[Data shown]:

□ □ □ □ □ □ □

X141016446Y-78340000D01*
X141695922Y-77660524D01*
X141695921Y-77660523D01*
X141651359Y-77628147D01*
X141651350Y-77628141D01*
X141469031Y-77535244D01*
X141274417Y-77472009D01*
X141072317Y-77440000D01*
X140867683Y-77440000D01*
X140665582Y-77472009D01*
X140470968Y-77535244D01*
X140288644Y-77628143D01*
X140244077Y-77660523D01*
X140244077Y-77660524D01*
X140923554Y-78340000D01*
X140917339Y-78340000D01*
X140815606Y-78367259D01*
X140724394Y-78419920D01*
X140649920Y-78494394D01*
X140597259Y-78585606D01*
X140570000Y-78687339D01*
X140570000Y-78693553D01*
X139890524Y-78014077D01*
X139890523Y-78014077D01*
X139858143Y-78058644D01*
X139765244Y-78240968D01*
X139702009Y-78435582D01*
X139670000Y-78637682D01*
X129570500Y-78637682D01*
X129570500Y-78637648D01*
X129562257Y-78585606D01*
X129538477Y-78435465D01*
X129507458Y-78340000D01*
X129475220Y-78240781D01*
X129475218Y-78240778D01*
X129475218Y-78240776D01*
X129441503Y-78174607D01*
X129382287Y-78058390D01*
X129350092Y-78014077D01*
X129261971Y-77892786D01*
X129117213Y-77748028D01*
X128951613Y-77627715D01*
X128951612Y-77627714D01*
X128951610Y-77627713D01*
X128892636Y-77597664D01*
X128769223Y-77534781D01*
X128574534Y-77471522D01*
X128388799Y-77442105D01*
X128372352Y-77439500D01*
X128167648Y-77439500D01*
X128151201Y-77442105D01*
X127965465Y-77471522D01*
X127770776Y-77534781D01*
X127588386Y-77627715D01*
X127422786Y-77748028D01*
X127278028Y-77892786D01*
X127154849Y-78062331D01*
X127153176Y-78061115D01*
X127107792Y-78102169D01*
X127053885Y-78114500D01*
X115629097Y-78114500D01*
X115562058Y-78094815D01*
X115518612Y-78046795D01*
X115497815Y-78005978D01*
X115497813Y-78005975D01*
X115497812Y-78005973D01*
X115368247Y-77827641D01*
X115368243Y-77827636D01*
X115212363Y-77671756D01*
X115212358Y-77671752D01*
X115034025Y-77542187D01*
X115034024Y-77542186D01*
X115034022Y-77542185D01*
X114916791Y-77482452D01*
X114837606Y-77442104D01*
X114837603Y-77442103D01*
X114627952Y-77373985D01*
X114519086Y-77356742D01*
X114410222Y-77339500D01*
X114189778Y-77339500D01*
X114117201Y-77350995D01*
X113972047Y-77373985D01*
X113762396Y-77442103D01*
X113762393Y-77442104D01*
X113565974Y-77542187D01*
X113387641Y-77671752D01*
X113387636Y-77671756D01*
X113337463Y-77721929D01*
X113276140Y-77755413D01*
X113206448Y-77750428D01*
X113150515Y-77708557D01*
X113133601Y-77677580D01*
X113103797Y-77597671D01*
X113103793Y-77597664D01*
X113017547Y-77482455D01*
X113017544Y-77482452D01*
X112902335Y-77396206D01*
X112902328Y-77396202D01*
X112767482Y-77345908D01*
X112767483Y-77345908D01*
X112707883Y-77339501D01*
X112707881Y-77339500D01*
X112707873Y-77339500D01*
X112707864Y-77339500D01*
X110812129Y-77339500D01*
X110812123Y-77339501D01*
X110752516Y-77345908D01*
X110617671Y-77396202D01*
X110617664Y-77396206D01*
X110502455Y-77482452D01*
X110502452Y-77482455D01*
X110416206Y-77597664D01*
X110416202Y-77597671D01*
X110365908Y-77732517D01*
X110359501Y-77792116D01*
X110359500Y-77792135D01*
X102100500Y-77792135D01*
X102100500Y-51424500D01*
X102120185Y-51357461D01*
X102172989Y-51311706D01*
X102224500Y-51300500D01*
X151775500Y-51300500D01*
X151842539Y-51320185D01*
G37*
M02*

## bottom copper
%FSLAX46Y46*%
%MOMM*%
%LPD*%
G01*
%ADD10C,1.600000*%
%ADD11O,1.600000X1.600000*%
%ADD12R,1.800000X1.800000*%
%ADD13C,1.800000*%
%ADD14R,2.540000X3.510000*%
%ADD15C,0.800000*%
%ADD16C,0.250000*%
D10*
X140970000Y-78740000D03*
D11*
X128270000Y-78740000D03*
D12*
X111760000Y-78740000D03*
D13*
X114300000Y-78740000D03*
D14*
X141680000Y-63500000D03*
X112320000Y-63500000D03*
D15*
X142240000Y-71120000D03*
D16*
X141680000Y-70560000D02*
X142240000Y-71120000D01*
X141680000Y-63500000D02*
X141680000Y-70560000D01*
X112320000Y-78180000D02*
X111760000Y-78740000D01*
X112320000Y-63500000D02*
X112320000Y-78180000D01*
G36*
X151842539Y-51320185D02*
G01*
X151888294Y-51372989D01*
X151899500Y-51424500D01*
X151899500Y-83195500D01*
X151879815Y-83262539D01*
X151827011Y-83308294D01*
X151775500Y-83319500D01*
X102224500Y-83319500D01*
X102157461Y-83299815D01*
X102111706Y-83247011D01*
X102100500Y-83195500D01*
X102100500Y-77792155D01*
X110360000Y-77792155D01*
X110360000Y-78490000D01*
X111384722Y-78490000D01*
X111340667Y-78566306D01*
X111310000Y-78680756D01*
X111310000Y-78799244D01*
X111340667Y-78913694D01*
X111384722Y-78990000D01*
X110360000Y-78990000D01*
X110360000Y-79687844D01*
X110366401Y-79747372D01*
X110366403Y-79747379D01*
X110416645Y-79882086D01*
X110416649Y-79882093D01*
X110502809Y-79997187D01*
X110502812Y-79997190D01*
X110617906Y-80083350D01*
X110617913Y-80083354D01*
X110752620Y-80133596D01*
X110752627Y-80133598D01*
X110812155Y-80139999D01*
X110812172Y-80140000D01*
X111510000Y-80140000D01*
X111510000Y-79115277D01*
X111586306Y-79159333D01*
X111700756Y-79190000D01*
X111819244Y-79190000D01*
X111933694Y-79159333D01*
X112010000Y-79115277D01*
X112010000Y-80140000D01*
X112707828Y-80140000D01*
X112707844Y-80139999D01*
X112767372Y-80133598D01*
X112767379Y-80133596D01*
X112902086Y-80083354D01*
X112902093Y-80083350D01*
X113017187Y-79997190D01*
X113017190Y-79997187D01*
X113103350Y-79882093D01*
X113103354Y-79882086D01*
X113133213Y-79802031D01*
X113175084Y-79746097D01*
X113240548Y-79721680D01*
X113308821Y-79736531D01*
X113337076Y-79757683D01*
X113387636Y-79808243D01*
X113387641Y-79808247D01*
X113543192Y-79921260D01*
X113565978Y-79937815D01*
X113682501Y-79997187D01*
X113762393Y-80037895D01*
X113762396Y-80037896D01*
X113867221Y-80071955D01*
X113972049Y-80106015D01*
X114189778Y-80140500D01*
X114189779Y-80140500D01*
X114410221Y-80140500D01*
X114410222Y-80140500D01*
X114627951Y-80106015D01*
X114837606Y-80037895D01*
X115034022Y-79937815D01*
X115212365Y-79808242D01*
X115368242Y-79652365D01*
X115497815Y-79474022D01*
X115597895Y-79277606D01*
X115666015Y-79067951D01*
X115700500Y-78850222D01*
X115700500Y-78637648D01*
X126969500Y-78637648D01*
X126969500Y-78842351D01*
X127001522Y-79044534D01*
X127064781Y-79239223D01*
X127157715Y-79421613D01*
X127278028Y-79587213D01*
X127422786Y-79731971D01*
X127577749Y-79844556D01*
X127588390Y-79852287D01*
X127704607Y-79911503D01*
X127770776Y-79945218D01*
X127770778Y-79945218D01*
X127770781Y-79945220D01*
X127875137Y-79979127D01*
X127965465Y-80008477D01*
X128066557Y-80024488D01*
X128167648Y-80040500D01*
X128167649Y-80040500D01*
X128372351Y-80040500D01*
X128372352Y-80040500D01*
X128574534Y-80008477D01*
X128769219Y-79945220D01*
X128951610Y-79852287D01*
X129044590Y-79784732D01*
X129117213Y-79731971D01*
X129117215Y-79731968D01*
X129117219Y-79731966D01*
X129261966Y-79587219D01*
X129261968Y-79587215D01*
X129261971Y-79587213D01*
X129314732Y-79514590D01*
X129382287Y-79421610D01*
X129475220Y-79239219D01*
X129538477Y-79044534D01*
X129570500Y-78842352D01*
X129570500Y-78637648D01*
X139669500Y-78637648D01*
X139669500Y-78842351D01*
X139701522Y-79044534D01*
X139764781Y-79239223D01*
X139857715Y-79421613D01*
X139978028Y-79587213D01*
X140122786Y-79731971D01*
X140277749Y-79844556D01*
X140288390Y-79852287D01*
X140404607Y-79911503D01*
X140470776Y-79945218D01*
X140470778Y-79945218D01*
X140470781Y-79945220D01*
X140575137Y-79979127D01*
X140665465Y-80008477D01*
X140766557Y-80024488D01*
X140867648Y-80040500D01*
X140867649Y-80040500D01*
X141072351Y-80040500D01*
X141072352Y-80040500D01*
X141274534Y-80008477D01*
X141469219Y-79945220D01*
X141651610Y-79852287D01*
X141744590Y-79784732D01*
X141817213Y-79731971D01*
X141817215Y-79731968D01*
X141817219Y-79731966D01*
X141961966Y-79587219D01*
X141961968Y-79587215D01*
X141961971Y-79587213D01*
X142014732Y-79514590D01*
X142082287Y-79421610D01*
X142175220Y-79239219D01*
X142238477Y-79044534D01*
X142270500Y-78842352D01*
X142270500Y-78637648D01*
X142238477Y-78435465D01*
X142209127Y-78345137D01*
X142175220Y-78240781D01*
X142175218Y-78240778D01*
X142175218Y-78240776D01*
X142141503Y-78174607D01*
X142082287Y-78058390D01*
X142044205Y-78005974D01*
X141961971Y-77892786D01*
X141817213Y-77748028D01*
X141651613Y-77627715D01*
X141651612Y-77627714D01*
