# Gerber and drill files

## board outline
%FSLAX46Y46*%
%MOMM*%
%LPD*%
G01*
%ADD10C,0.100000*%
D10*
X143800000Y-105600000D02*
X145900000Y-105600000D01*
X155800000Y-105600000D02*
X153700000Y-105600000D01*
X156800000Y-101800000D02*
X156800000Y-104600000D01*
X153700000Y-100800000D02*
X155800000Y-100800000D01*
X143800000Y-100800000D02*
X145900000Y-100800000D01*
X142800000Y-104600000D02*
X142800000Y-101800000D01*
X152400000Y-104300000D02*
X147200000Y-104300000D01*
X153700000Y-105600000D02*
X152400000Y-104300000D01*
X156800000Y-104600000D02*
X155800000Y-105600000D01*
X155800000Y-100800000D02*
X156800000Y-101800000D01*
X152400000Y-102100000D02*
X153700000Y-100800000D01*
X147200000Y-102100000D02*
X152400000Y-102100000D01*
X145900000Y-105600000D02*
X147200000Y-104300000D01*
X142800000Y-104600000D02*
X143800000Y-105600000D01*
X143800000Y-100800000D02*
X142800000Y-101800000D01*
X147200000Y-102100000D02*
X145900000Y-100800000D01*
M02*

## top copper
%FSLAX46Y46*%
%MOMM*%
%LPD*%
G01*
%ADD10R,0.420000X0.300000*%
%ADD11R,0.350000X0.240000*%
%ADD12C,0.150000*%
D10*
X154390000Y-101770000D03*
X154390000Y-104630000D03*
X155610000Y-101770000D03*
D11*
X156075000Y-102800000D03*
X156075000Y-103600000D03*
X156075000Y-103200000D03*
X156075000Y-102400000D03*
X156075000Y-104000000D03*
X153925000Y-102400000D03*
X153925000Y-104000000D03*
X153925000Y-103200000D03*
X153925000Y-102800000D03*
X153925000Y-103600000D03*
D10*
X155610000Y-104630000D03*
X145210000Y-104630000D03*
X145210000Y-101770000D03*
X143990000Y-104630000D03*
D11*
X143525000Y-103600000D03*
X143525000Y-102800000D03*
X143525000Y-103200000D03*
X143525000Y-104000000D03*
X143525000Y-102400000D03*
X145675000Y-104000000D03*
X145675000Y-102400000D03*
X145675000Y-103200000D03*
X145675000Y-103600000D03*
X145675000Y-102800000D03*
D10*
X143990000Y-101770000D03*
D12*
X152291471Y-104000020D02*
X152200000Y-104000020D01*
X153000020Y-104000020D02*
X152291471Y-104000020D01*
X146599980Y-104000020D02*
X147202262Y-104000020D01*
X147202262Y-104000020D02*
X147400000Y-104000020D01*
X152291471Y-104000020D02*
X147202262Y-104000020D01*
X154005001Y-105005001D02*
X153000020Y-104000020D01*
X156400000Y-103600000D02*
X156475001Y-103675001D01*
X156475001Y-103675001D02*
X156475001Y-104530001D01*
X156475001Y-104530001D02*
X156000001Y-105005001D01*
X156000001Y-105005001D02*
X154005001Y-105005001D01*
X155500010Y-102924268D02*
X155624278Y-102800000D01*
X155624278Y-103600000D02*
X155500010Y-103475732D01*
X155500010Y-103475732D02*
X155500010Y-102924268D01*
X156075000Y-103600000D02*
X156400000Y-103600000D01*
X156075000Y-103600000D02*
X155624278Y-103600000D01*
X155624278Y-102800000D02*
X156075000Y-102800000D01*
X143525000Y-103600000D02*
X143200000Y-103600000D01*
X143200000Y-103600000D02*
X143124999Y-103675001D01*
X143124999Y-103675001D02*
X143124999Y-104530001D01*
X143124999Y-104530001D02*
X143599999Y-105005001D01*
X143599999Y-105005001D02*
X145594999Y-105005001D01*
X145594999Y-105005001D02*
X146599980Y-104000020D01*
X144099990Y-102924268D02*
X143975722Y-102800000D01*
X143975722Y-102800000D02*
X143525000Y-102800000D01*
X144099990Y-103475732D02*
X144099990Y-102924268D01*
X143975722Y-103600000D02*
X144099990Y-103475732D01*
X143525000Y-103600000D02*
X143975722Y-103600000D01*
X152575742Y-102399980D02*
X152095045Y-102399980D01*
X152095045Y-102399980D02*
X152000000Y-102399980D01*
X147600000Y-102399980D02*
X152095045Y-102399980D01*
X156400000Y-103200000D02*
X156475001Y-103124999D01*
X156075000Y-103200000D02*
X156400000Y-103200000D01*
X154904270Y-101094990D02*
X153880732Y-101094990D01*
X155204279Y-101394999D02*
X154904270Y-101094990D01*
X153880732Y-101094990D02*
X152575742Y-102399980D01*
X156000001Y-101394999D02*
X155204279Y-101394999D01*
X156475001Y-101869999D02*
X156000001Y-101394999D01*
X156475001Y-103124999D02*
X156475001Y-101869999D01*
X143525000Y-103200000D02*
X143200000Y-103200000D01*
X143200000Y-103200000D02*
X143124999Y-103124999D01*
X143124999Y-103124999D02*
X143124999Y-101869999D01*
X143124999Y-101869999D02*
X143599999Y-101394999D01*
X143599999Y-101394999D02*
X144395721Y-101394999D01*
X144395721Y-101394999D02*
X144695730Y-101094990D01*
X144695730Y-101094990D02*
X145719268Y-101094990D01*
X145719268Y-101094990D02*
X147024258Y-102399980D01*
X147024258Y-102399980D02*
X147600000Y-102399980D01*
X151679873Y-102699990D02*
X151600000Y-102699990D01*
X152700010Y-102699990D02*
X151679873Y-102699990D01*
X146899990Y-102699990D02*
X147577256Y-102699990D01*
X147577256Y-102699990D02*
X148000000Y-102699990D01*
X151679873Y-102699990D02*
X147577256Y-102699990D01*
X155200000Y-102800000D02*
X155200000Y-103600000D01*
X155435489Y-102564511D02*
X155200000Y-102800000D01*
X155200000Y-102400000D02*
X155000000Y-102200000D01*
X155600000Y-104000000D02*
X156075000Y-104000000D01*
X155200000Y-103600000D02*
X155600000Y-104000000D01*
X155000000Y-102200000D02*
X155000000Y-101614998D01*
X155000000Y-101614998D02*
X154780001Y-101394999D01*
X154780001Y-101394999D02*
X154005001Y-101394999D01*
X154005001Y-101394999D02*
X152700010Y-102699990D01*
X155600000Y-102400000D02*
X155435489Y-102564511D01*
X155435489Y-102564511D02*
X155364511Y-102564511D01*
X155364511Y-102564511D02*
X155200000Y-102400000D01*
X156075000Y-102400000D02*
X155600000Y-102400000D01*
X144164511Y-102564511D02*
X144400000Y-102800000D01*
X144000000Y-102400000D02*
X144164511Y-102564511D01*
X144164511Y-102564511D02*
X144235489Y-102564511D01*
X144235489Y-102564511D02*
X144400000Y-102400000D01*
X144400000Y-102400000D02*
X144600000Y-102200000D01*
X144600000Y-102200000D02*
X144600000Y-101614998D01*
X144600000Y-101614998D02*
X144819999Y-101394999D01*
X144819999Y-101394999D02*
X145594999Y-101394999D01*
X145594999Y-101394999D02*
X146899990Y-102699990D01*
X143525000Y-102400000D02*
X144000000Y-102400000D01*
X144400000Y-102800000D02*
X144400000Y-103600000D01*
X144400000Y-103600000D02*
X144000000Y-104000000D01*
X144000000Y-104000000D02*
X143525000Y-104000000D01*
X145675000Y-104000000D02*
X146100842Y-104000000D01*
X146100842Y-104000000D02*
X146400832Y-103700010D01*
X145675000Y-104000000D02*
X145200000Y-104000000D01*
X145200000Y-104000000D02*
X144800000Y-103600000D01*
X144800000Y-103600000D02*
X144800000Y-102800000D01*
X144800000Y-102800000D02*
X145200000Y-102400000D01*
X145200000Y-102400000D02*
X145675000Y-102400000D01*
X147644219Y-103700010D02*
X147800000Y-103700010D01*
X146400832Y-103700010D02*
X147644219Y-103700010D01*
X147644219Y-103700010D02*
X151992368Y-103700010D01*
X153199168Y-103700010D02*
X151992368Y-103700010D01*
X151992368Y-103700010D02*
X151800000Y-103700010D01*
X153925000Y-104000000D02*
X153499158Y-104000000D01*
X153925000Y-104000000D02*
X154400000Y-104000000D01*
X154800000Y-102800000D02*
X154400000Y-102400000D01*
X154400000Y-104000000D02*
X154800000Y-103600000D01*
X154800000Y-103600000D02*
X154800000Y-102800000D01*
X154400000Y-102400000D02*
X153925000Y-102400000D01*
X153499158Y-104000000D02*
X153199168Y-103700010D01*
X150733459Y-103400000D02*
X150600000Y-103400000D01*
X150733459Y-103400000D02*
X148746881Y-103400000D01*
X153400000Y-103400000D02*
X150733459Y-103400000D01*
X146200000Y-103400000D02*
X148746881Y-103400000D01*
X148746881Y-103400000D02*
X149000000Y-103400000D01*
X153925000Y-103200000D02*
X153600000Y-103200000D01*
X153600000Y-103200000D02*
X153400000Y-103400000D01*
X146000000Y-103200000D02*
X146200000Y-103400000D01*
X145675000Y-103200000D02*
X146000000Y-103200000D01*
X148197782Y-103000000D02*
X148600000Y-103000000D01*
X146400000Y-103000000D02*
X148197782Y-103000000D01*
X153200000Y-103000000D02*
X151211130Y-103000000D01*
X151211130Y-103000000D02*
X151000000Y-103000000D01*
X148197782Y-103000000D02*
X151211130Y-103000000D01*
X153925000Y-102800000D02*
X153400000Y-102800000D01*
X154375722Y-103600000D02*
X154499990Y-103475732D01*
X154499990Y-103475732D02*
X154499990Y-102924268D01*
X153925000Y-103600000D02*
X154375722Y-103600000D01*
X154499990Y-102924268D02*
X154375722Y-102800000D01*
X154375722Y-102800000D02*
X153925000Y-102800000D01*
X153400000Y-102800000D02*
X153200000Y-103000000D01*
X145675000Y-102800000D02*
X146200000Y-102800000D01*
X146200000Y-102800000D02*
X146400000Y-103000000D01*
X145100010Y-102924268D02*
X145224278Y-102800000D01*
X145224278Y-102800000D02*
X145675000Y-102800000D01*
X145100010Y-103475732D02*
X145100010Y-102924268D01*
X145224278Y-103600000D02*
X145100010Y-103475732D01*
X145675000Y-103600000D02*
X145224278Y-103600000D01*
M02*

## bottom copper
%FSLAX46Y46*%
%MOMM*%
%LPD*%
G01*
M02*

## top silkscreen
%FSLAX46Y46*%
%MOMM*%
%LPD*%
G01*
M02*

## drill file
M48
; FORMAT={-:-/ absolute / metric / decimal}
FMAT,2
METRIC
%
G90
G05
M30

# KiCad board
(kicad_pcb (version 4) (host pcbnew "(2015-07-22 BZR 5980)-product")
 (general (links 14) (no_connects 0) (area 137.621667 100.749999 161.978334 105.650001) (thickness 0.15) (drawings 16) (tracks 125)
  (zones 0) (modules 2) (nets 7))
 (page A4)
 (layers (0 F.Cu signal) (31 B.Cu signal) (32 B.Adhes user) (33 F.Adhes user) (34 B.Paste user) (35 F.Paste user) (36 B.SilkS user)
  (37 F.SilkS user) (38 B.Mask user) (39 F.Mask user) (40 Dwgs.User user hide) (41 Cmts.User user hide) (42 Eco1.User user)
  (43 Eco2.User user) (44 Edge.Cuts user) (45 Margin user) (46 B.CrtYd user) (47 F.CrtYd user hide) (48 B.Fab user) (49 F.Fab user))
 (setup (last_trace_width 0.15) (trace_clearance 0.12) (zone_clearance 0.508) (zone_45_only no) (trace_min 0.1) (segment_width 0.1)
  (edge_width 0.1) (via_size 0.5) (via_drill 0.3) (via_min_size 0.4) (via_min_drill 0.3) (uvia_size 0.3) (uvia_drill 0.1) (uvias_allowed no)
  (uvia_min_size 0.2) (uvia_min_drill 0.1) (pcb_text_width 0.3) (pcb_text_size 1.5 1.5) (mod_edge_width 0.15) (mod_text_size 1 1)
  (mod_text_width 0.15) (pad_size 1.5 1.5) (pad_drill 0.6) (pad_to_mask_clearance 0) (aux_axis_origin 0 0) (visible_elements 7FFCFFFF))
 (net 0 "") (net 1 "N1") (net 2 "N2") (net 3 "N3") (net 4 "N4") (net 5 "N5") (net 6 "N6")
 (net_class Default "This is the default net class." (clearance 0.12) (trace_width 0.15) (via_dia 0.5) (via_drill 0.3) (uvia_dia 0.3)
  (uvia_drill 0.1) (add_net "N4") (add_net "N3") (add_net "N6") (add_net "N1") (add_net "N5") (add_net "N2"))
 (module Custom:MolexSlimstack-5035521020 (layer F.Cu) (at 155 103.2 270)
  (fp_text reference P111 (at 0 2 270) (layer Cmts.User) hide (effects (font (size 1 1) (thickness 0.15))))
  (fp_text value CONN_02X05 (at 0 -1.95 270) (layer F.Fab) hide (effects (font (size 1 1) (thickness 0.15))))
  (pad "" smd rect (at 0.8 -0.65 90) (size 0.3 0.5) (layers Dwgs.User))
  (pad "" smd rect (at 0 -0.65 90) (size 0.3 0.5) (layers Dwgs.User))
  (pad "" smd rect (at -0.4 -0.65 90) (size 0.3 0.5) (layers Dwgs.User))
  (pad "" smd rect (at -0.8 -0.65 90) (size 0.3 0.5) (layers Dwgs.User))
  (pad "" smd rect (at 0.4 -0.65 90) (size 0.3 0.5) (layers Dwgs.User))
  (pad "" smd rect (at -0.8 0.65 270) (size 0.3 0.5) (layers Dwgs.User))
  (pad "" smd rect (at -0.4 0.65 270) (size 0.3 0.5) (layers Dwgs.User))
  (pad "" smd rect (at 0.8 0.65 270) (size 0.3 0.5) (layers Dwgs.User))
  (pad "" smd rect (at 0.4 0.65 270) (size 0.3 0.5) (layers Dwgs.User))
  (pad "" smd rect (at -1.43 0.61 90) (size 0.3 0.42) (layers F.Cu F.Paste F.Mask))
  (pad "" smd rect (at 1.43 0.61 270) (size 0.3 0.42) (layers F.Cu F.Paste F.Mask))
  (pad "" smd rect (at -1.43 -0.61 90) (size 0.3 0.42) (layers F.Cu F.Paste F.Mask))
  (pad 4 smd rect (at -0.4 -1.075 270) (size 0.24 0.35) (layers F.Cu F.Paste F.Mask) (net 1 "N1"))
  (pad 8 smd rect (at 0.4 -1.075 270) (size 0.24 0.35) (layers F.Cu F.Paste F.Mask) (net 1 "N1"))
  (pad 6 smd rect (at 0 -1.075 270) (size 0.24 0.35) (layers F.Cu F.Paste F.Mask) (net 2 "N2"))
  (pad 2 smd rect (at -0.8 -1.075 270) (size 0.24 0.35) (layers F.Cu F.Paste F.Mask) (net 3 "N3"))
  (pad 10 smd rect (at 0.8 -1.075 270) (size 0.24 0.35) (layers F.Cu F.Paste F.Mask) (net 3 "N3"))
  (pad 1 smd rect (at -0.8 1.075 90) (size 0.24 0.35) (layers F.Cu F.Paste F.Mask) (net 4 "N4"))
  (pad 9 smd rect (at 0.8 1.075 90) (size 0.24 0.35) (layers F.Cu F.Paste F.Mask) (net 4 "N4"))
  (pad 5 smd rect (at 0 1.075 90) (size 0.24 0.35) (layers F.Cu F.Paste F.Mask) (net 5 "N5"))
  (pad 3 smd rect (at -0.4 1.075 90) (size 0.24 0.35) (layers F.Cu F.Paste F.Mask) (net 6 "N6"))
  (pad 7 smd rect (at 0.4 1.075 90) (size 0.24 0.35) (layers F.Cu F.Paste F.Mask) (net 6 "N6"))
  (pad "" smd rect (at 1.43 -0.61 270) (size 0.3 0.42) (layers F.Cu F.Paste F.Mask))
  (pad "" smd rect (at 0 0.65 270) (size 0.3 0.5) (layers Dwgs.User)))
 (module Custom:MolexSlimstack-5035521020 (layer F.Cu) (at 144.6 103.2 90)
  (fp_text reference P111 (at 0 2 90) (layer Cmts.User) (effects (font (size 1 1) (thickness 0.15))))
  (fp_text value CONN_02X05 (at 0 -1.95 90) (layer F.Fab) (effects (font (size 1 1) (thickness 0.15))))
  (pad "" smd rect (at 0.8 -0.65 270) (size 0.3 0.5) (layers Dwgs.User))
  (pad "" smd rect (at 0 -0.65 270) (size 0.3 0.5) (layers Dwgs.User))
  (pad "" smd rect (at -0.4 -0.65 270) (size 0.3 0.5) (layers Dwgs.User))
  (pad "" smd rect (at -0.8 -0.65 270) (size 0.3 0.5) (layers Dwgs.User))
  (pad "" smd rect (at 0.4 -0.65 270) (size 0.3 0.5) (layers Dwgs.User))
  (pad "" smd rect (at -0.8 0.65 90) (size 0.3 0.5) (layers Dwgs.User))
  (pad "" smd rect (at -0.4 0.65 90) (size 0.3 0.5) (layers Dwgs.User))
  (pad "" smd rect (at 0.8 0.65 90) (size 0.3 0.5) (layers Dwgs.User))
  (pad "" smd rect (at 0.4 0.65 90) (size 0.3 0.5) (layers Dwgs.User))
  (pad "" smd rect (at -1.43 0.61 270) (size 0.3 0.42) (layers F.Cu F.Paste F.Mask))
  (pad "" smd rect (at 1.43 0.61 90) (size 0.3 0.42) (layers F.Cu F.Paste F.Mask))
  (pad "" smd rect (at -1.43 -0.61 270) (size 0.3 0.42) (layers F.Cu F.Paste F.Mask))
  (pad 4 smd rect (at -0.4 -1.075 90) (size 0.24 0.35) (layers F.Cu F.Paste F.Mask) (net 1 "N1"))
  (pad 8 smd rect (at 0.4 -1.075 90) (size 0.24 0.35) (layers F.Cu F.Paste F.Mask) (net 1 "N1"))
  (pad 6 smd rect (at 0 -1.075 90) (size 0.24 0.35) (layers F.Cu F.Paste F.Mask) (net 2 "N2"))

□ □ □ □ □ □ □

[Exercise goal]:
All lines above that contain "Custom" are required in the answer.

[Answer for the task]:
 (module Custom:MolexSlimstack-5035521020 (layer F.Cu) (at 155 103.2 270)
 (module Custom:MolexSlimstack-5035521020 (layer F.Cu) (at 144.6 103.2 90)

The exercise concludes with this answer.